Task prompt
When the string "MISO" is part of a line in the data below, report the whole line.
= = = = =
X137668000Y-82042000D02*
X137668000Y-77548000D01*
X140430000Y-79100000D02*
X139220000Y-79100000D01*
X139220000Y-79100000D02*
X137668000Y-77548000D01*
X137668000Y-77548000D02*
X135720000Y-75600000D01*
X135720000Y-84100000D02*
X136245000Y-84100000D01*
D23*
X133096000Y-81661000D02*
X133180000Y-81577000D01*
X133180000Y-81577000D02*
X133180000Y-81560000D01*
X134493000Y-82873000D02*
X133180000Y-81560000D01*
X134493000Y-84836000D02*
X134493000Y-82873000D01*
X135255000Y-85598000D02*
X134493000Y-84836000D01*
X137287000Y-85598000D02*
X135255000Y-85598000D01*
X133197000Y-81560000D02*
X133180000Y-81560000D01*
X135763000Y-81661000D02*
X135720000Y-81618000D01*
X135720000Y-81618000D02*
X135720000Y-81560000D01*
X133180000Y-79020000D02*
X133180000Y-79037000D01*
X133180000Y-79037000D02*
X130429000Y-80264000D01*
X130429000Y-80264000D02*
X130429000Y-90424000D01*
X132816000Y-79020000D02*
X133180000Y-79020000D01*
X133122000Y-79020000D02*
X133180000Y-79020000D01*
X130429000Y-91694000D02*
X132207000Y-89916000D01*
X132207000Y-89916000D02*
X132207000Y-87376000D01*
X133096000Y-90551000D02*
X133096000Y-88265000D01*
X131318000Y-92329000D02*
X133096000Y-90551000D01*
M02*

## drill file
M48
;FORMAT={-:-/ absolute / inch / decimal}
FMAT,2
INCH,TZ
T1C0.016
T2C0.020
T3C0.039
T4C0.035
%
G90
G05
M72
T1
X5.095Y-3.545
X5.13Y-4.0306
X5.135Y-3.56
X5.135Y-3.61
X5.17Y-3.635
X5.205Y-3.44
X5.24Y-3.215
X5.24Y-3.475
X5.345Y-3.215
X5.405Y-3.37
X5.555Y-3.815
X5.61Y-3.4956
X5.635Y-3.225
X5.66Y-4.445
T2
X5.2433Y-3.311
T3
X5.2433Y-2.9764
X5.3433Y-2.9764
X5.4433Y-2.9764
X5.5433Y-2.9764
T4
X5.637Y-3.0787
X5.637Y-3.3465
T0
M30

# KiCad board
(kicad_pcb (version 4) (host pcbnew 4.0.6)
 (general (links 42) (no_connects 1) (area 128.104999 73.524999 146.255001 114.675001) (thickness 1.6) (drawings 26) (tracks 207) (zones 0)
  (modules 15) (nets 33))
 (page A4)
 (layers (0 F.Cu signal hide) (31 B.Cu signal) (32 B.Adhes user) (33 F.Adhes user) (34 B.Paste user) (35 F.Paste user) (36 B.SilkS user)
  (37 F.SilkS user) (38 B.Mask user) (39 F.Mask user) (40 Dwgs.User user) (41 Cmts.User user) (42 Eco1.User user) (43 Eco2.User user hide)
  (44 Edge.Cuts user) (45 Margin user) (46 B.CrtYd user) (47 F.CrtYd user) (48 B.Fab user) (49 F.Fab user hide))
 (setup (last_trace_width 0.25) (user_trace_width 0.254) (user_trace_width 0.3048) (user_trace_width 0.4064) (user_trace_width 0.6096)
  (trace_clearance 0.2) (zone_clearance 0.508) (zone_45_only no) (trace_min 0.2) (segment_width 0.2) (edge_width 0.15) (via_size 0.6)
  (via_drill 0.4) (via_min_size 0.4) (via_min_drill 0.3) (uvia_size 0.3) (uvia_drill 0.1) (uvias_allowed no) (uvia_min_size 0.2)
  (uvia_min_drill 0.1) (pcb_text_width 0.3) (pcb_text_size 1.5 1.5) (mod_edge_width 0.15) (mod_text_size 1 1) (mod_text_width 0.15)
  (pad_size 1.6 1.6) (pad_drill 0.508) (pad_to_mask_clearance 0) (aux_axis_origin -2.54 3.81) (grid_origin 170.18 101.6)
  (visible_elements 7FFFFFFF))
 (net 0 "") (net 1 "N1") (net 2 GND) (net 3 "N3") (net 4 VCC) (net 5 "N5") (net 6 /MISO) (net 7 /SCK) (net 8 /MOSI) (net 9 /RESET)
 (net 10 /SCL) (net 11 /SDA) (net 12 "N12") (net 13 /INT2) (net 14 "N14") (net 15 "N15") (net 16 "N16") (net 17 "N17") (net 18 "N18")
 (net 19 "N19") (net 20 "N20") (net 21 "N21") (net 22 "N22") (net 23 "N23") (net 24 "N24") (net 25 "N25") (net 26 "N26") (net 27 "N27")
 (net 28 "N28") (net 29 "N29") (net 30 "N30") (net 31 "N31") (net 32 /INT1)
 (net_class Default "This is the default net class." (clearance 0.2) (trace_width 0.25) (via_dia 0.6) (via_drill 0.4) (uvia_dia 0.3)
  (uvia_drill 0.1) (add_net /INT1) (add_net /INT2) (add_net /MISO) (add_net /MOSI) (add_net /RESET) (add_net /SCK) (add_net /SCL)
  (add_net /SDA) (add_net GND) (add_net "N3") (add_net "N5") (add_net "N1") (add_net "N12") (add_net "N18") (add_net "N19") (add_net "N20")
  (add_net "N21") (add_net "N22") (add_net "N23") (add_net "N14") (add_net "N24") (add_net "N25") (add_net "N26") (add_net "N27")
= = = = =
Result of this exercise
 (net 0 "") (net 1 "N1") (net 2 GND) (net 3 "N3") (net 4 VCC) (net 5 "N5") (net 6 /MISO) (net 7 /SCK) (net 8 /MOSI) (net 9 /RESET)
  (uvia_drill 0.1) (add_net /INT1) (add_net /INT2) (add_net /MISO) (add_net /MOSI) (add_net /RESET) (add_net /SCK) (add_net /SCL)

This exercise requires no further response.